00:02:29This is where you can click an entity and see it highlighted in the original text and
00:02:33run through for a quicker visual to see all the targeted words you were after.
00:02:38That's why it's huge for debugging, audits, reviews, that kind of thing.
00:02:42And if you need to do this at scale, batch mode lets you run it across thousands of documents
00:02:46more efficiently.
00:02:48So yeah, this looks great.
00:02:50This was really cool too, especially the HTML part.
00:02:52Okay, now why are devs ditching old school NLP for this?
00:02:56And that's because messy text isn't just annoying, right?
00:02:59It is annoying, but it's also expensive.
00:03:01It costs time and it breaks things.
00:03:03That's why we're seeing lang extract show up where accuracy and traceability actually matter.
00:03:08Things like extracting structured data from clinical notes while still being able to audit
00:03:12where it came from.
00:03:13That's huge.
00:03:14Or maybe we're turning feedback and support tickets into knowledge graphs instead of those
00:03:18giant CSV files.
00:03:20With all the good we get from these style tools, we also get some bad too.
00:03:24These will influence how you decide to use it.
00:03:26For the good, we have a lot here.
00:03:27The setup is simple, right?
00:03:29Pip install, write a prompt, go.
00:03:31Grounded outputs reduced LLM trust issues because you can verify everything and you're not locked
00:03:36into one model.
00:03:37It works local or cloud.
00:03:39Both of these are going to work and it handles long documents better than most tools.
00:03:43It's free, it's open source, and it's moving fast.
00:03:45There are some drawbacks here that you may feel because you still pay LLM costs at scale.
00:03:51Really noisy text can cause incomplete extractions.

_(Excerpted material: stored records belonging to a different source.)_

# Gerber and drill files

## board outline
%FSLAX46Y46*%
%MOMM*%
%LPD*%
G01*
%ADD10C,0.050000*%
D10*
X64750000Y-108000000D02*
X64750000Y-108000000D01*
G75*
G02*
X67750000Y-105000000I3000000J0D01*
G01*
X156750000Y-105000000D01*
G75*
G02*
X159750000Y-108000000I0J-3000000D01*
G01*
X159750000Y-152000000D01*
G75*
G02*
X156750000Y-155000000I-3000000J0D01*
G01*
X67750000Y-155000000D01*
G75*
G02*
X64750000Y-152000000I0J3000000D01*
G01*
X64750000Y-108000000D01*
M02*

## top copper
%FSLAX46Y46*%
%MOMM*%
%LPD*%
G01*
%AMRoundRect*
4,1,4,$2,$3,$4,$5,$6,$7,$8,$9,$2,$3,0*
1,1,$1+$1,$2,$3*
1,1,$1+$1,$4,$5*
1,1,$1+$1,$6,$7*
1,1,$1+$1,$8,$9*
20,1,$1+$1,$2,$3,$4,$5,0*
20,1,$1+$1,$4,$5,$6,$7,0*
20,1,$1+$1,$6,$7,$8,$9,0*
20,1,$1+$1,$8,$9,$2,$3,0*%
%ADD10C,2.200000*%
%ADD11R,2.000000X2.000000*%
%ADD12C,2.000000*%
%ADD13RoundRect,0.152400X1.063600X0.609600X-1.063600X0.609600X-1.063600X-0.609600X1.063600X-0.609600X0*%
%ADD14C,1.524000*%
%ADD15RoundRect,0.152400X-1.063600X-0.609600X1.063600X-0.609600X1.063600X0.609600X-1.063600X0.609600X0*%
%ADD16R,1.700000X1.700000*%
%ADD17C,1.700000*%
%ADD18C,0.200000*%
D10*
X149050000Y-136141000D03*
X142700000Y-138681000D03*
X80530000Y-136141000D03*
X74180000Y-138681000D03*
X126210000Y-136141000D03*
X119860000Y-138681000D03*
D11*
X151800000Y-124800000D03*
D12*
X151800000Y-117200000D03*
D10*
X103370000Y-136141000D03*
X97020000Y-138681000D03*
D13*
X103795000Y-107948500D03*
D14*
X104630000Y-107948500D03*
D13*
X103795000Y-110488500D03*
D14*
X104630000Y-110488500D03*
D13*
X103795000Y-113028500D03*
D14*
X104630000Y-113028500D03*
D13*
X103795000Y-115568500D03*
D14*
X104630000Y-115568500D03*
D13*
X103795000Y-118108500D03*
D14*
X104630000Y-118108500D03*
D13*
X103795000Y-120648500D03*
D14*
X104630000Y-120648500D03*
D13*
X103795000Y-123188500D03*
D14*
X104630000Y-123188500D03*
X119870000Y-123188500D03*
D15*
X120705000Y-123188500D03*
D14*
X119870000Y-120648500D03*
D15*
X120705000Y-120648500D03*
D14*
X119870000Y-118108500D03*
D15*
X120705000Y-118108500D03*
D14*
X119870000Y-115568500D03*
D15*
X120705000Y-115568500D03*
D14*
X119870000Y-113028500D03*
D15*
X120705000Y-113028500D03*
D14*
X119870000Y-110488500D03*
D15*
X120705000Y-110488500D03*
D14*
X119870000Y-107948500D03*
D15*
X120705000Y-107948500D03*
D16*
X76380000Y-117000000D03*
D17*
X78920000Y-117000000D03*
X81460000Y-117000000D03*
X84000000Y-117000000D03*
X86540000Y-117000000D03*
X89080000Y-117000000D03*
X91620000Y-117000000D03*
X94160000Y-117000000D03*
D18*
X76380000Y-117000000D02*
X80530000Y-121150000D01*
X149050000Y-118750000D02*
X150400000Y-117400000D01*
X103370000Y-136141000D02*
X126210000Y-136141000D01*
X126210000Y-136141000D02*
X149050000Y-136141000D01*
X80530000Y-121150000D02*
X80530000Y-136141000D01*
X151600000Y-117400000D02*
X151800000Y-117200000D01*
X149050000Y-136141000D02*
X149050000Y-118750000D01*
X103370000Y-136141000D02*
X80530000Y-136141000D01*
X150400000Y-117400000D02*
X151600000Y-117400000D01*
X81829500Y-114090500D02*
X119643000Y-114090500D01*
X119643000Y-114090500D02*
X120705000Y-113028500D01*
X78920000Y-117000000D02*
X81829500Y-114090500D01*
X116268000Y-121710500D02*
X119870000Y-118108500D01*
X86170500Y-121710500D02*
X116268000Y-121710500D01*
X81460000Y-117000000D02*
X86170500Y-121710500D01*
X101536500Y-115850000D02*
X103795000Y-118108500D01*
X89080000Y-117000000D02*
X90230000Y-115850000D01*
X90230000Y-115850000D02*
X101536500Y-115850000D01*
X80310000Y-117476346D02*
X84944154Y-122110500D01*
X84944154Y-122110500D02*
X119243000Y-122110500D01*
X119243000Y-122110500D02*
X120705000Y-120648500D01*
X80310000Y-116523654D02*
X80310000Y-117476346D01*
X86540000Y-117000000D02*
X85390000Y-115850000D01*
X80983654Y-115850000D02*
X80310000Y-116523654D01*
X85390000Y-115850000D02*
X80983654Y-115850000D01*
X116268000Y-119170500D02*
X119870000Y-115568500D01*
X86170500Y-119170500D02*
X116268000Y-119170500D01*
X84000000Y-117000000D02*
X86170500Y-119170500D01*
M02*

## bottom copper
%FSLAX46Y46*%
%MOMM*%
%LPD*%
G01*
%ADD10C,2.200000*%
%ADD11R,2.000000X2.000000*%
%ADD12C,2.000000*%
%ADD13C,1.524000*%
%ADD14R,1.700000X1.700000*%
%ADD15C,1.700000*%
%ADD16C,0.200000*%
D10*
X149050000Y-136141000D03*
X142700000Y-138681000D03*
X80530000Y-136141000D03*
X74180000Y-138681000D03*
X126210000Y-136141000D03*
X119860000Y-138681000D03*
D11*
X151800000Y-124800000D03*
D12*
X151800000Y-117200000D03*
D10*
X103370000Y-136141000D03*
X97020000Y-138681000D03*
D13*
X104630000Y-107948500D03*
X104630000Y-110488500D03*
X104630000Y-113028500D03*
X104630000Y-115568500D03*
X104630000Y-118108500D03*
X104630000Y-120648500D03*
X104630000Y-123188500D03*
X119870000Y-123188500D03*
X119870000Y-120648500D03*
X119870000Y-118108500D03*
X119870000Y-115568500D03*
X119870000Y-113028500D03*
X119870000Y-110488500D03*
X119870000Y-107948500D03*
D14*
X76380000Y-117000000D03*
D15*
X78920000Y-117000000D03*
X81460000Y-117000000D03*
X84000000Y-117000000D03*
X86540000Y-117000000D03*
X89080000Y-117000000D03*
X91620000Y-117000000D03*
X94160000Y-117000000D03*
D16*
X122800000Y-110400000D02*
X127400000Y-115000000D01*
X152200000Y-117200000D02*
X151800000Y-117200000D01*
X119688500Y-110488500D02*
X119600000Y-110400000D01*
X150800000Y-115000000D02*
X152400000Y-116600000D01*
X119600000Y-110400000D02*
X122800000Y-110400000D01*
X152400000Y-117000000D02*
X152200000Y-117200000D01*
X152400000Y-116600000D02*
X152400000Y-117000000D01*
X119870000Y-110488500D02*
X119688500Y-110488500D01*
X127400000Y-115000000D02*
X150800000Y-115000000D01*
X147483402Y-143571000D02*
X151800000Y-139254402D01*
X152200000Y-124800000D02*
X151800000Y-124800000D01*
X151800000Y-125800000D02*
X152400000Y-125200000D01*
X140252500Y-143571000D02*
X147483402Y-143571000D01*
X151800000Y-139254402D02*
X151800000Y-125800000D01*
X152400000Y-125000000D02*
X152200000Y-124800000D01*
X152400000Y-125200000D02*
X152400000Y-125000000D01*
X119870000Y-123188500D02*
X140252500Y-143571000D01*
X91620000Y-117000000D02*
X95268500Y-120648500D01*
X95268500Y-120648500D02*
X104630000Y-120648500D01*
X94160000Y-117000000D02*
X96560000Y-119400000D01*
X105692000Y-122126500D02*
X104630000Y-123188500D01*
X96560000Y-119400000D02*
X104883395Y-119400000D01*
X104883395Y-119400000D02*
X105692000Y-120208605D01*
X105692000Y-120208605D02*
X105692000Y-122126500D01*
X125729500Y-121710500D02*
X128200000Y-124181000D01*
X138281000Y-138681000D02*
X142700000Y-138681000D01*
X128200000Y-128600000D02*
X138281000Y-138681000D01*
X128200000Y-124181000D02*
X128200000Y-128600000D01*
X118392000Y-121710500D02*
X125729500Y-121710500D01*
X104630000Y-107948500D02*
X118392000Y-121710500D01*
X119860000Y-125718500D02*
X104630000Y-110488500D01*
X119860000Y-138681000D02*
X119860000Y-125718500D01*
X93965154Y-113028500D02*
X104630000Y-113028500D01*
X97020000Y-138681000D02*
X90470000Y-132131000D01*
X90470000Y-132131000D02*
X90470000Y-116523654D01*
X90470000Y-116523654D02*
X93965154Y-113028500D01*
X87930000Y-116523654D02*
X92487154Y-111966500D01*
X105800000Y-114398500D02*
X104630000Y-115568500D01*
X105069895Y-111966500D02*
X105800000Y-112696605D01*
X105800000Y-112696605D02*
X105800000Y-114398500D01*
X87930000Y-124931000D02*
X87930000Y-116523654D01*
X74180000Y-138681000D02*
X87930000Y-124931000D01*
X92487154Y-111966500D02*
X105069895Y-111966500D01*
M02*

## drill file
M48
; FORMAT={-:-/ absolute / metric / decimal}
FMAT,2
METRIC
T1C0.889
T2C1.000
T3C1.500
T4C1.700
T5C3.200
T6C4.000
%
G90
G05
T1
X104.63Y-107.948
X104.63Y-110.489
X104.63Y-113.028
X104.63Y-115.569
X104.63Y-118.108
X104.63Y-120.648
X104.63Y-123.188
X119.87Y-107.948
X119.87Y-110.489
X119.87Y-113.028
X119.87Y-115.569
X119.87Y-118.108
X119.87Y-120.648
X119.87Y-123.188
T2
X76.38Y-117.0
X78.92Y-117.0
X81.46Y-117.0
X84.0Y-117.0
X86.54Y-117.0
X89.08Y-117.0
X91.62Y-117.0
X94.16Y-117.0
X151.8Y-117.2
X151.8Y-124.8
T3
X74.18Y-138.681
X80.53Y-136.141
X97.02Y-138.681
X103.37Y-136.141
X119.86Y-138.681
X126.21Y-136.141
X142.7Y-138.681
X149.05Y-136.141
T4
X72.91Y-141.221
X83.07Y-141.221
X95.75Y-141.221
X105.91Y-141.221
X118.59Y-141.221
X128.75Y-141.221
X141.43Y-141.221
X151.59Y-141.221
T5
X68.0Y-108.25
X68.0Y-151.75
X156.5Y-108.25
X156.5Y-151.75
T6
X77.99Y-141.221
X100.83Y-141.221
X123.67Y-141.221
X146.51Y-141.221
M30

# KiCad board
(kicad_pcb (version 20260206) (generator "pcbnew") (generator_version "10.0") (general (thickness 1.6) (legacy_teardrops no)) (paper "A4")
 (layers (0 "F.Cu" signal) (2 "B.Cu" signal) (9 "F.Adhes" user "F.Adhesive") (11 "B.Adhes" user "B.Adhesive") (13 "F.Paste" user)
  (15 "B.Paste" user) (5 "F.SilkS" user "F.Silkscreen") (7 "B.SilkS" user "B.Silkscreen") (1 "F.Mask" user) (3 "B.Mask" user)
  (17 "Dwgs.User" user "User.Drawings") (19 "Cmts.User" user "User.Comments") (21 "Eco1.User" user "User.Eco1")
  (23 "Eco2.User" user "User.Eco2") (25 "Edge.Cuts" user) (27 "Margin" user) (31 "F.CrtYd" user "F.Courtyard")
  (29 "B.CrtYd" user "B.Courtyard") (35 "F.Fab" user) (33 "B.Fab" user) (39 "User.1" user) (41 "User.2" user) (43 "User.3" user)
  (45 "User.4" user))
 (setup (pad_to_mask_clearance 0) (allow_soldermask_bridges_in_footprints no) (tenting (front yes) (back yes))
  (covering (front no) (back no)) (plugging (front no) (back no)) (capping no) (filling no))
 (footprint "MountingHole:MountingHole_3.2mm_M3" (layer "F.Cu") (at 156.5 108.25 90)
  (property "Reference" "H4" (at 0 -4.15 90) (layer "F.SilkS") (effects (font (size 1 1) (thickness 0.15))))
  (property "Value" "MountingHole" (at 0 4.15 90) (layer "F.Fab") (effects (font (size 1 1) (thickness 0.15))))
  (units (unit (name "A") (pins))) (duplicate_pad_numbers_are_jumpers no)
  (pad "" np_thru_hole circle (at 0 0 90) (size 3.2 3.2) (drill 3.2) (layers "*.Cu" "*.Mask")))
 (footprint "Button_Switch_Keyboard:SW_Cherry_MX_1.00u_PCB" (layer "F.Cu") (at 149.05 136.141)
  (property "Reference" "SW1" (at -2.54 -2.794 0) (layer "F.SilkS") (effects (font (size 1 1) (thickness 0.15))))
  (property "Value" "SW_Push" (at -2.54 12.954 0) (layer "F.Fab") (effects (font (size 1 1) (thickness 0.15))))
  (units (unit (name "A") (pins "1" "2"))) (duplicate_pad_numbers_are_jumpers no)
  (pad "" np_thru_hole circle (at -7.62 5.08) (size 1.7 1.7) (drill 1.7) (layers "*.Cu" "*.Mask"))
  (pad "" np_thru_hole circle (at -2.54 5.08) (size 4 4) (drill 4) (layers "*.Cu" "*.Mask"))
  (pad "" np_thru_hole circle (at 2.54 5.08) (size 1.7 1.7) (drill 1.7) (layers "*.Cu" "*.Mask"))
  (pad "1" thru_hole circle (at 0 0) (size 2.2 2.2) (drill 1.5) (layers "*.Cu" "*.Mask") (remove_unused_layers no) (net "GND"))
  (pad "2" thru_hole circle (at -6.35 2.54) (size 2.2 2.2) (drill 1.5) (layers "*.Cu" "*.Mask") (remove_unused_layers no)
   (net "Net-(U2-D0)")))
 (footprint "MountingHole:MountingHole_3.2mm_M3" (layer "F.Cu") (at 156.5 151.75 90)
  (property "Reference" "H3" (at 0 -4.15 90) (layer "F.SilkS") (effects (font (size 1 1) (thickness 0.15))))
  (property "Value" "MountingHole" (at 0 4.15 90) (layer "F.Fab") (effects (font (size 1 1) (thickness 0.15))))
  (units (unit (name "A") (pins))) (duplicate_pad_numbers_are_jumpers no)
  (pad "" np_thru_hole circle (at 0 0 90) (size 3.2 3.2) (drill 3.2) (layers "*.Cu" "*.Mask")))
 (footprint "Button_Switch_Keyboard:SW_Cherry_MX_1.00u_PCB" (layer "F.Cu") (at 80.53 136.141)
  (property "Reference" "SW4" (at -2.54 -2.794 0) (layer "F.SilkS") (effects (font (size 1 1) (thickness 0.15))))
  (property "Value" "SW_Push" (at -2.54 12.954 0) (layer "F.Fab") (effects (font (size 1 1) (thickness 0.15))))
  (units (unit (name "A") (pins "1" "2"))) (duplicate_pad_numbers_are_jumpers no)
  (pad "" np_thru_hole circle (at -7.62 5.08) (size 1.7 1.7) (drill 1.7) (layers "*.Cu" "*.Mask"))
  (pad "" np_thru_hole circle (at -2.54 5.08) (size 4 4) (drill 4) (layers "*.Cu" "*.Mask"))
  (pad "" np_thru_hole circle (at 2.54 5.08) (size 1.7 1.7) (drill 1.7) (layers "*.Cu" "*.Mask"))
  (pad "1" thru_hole circle (at 0 0) (size 2.2 2.2) (drill 1.5) (layers "*.Cu" "*.Mask") (remove_unused_layers no) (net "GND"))
  (pad "2" thru_hole circle (at -6.35 2.54) (size 2.2 2.2) (drill 1.5) (layers "*.Cu" "*.Mask") (remove_unused_layers no)
   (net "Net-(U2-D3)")))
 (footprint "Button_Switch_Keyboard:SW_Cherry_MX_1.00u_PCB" (layer "F.Cu") (at 126.21 136.141)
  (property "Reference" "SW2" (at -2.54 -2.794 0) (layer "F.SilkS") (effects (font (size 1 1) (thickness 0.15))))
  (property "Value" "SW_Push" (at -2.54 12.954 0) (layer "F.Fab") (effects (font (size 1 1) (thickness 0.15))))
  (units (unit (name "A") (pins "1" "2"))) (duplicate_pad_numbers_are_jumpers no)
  (pad "" np_thru_hole circle (at -7.62 5.08) (size 1.7 1.7) (drill 1.7) (layers "*.Cu" "*.Mask"))
  (pad "" np_thru_hole circle (at -2.54 5.08) (size 4 4) (drill 4) (layers "*.Cu" "*.Mask"))
  (pad "" np_thru_hole circle (at 2.54 5.08) (size 1.7 1.7) (drill 1.7) (layers "*.Cu" "*.Mask"))
  (pad "1" thru_hole circle (at 0 0) (size 2.2 2.2) (drill 1.5) (layers "*.Cu" "*.Mask") (remove_unused_layers no) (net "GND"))
  (pad "2" thru_hole circle (at -6.35 2.54) (size 2.2 2.2) (drill 1.5) (layers "*.Cu" "*.Mask") (remove_unused_layers no)
   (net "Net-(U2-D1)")))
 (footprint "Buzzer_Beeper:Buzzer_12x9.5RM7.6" (layer "F.Cu") (at 151.8 124.8 90)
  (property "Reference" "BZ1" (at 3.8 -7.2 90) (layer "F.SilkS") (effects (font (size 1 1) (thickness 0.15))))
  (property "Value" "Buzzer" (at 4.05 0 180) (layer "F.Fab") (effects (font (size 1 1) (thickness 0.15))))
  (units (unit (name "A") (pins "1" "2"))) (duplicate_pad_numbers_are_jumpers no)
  (pad "1" thru_hole rect (at 0 0 90) (size 2 2) (drill 1) (layers "*.Cu" "*.Mask") (remove_unused_layers no) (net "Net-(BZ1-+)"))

00:03:53It's Python first, so if you don't know Python, there might be a bit of a learning curve, but
00:03:57Python's great.
00:03:58It's not ideal for ultra low latency real time apps.
00:04:01Why should you care?
00:04:02Because lang extract lowers the barrier to working with unstructured data without building
00:04:07custom models or fragile pipelines.
00:04:09It makes LLM output something you can actually trust in production because it's tied back
00:04:14to where it came from, especially in sectors, maybe like finance, healthcare, compliance,
00:04:19that sort of stuff where it really does matter.
00:04:21Plus, it fits right into modern stacks, rag, search, knowledge graph, analytics, whatever
00:04:26you're building.
00:04:27If unstructured data is slowing you down, this tool can seriously level you up.
00:04:31If data is part of your job and let's be real, it's probably worth checking out.
00:04:35We'll see you in another video.